Quickstart Guide
This guide will help you get started with the basics of using ServerlessLLM. Please make sure you have installed the ServerlessLLM following the installation guide.
Run ServerlessLLM on your local machine
First, let's start a local ray cluster to run ServerlessLLM. You can start a local ray cluster by running the following command:
Start a local ray cluster with 1 head node and 1 worker node:
conda activate sllm
ray start --head --port=6379 --num-cpus=4 --num-gpus=0 \
--resources='{"control_node": 1}' --block
In a new terminal, start the worker node:
conda activate sllm-worker
export CUDA_VISIBLE_DEVICES=0
ray start --address=0.0.0.0:6379 --num-cpus=4 --num-gpus=1 \
--resources='{"worker_node": 1, "worker_id_0": 1}' --block
And start ServerlessLLM Store server.

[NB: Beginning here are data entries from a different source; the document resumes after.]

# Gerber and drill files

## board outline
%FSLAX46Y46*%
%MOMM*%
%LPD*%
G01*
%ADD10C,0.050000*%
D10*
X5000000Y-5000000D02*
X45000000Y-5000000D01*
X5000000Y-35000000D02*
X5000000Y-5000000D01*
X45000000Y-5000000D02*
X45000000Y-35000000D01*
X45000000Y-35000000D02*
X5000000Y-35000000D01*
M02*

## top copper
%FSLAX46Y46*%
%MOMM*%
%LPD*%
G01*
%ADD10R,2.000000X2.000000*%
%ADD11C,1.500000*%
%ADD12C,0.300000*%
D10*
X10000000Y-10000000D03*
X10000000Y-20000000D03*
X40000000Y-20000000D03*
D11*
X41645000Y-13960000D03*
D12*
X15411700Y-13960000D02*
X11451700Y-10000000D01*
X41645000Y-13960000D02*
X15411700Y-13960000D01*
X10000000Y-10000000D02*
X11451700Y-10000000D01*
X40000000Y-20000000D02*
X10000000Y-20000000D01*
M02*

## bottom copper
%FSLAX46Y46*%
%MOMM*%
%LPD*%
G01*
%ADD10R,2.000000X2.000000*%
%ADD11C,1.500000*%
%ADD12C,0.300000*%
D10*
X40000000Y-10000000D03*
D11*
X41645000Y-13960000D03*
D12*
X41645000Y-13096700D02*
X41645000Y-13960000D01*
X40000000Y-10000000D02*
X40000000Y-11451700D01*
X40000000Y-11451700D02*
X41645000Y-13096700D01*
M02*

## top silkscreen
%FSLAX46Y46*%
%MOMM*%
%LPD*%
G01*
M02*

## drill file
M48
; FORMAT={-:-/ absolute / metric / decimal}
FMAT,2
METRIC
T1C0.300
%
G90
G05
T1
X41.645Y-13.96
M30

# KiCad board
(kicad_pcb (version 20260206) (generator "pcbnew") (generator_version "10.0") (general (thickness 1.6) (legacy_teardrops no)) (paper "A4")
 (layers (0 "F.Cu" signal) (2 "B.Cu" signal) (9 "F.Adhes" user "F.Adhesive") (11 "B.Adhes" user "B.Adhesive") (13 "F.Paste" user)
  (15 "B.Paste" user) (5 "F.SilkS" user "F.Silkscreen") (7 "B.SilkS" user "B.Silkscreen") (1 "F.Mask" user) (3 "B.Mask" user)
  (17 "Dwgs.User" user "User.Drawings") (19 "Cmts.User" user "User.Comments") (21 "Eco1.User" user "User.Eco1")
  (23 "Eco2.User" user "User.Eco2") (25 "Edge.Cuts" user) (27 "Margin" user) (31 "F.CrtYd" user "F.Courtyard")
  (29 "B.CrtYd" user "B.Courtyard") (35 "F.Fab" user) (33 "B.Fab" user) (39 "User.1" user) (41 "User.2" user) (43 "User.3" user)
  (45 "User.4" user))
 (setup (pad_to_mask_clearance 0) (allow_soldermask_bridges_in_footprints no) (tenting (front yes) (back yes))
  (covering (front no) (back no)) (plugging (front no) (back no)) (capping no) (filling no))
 (gr_line (start 5 5) (end 45 5) (stroke (width 0.05) (type default)) (layer "Edge.Cuts"))
 (gr_line (start 5 35) (end 5 5) (stroke (width 0.05) (type default)) (layer "Edge.Cuts"))
 (gr_line (start 45 5) (end 45 35) (stroke (width 0.05) (type default)) (layer "Edge.Cuts"))
 (gr_line (start 45 35) (end 5 35) (stroke (width 0.05) (type default)) (layer "Edge.Cuts"))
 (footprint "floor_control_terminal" (layer "F.Cu") (at 10 10)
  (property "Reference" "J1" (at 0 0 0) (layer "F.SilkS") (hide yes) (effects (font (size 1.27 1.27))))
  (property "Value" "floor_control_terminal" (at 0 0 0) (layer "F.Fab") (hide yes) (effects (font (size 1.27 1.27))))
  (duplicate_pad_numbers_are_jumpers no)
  (pad "1" smd rect (at 0 0) (size 2 2) (layers "F.Cu" "F.Paste" "F.Mask") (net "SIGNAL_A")))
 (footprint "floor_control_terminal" (layer "B.Cu") (at 40 10)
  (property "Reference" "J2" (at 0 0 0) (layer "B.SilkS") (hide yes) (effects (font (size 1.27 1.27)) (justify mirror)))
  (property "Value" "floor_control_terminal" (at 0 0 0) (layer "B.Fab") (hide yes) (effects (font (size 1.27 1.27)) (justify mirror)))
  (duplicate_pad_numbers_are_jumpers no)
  (pad "1" smd rect (at 0 0) (size 2 2) (layers "B.Cu" "B.Paste" "B.Mask") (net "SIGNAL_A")))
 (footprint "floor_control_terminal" (layer "F.Cu") (at 10 20)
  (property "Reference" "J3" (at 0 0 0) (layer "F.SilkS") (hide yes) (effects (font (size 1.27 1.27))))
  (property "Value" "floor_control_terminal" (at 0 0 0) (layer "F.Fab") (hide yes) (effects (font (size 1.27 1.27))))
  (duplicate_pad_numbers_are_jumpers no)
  (pad "1" smd rect (at 0 0) (size 2 2) (layers "F.Cu" "F.Paste" "F.Mask") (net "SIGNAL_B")))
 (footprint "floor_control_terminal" (layer "F.Cu") (at 40 20)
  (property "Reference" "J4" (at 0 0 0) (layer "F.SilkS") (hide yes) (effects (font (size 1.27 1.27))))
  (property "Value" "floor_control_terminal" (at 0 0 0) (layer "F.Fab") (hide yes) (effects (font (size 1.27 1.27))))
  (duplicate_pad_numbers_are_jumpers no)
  (pad "1" smd rect (at 0 0) (size 2 2) (layers "F.Cu" "F.Paste" "F.Mask") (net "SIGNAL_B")))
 (segment (start 15.4117 13.96) (end 11.4517 10) (width 0.3) (layer "F.Cu") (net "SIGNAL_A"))
 (segment (start 41.645 13.96) (end 15.4117 13.96) (width 0.3) (layer "F.Cu") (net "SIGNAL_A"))
 (segment (start 10 10) (end 11.4517 10) (width 0.3) (layer "F.Cu") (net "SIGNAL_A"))
 (via (at 41.645 13.96) (size 1.5) (drill 0.3) (layers "F.Cu" "B.Cu") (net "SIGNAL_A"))
 (segment (start 41.645 13.0967) (end 41.645 13.96) (width 0.3) (layer "B.Cu") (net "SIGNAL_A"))
 (segment (start 40 10) (end 40 11.4517) (width 0.3) (layer "B.Cu") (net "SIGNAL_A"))
 (segment (start 40 11.4517) (end 41.645 13.0967) (width 0.3) (layer "B.Cu") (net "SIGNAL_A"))
 (segment (start 40 20) (end 10 20) (width 0.3) (layer "F.Cu") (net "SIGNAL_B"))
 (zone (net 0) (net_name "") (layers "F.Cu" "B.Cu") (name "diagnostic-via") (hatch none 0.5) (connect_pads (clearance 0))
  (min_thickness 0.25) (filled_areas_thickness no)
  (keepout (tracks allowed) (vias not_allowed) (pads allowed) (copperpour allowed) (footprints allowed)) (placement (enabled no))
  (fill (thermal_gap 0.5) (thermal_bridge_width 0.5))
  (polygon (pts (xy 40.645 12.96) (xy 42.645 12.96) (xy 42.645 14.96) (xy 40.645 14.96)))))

This server will use ./models
as the storage path by default.
conda activate sllm-worker
export CUDA_VISIBLE_DEVICES=0
sllm-store start
Expected output:
$ sllm-store start
INFO 12-31 17:13:23 cli.py:58] Starting gRPC server
INFO 12-31 17:13:23 server.py:34] StorageServicer: storage_path=./models, mem_pool_size=4294967296, num_thread=4, chunk_size=33554432, registration_required=False
WARNING: Logging before InitGoogleLogging() is written to STDERR
I20241231 17:13:23.947276 2165054 checkpoint_store.cpp:41] Number of GPUs: 1
I20241231 17:13:23.947299 2165054 checkpoint_store.cpp:43] I/O threads: 4, chunk size: 32MB
I20241231 17:13:23.947309 2165054 checkpoint_store.cpp:45] Storage path: "./models"
I20241231 17:13:24.038651 2165054 checkpoint_store.cpp:71] GPU 0 UUID: c9938b31-33b0-e02f-24c5-88bd6fbe19ad
I20241231 17:13:24.038700 2165054 pinned_memory_pool.cpp:29] Creating PinnedMemoryPool with 128 buffers of 33554432 bytes
I20241231 17:13:25.557906 2165054 checkpoint_store.cpp:83] Memory pool created with 4GB
INFO 12-31 17:13:25 server.py:243] Starting gRPC server on 0.0.0.0:8073
Now, let’s start ServerlessLLM.
First, in another new terminal, start ServerlessLLM Serve (i.e., sllm-serve
)
conda activate sllm
sllm-serve start
Everything is set!
Now you have opened 4 terminals: started a local ray cluster(head node and worker node), started the ServerlessLLM Serve, and started the ServerlessLLM Store server.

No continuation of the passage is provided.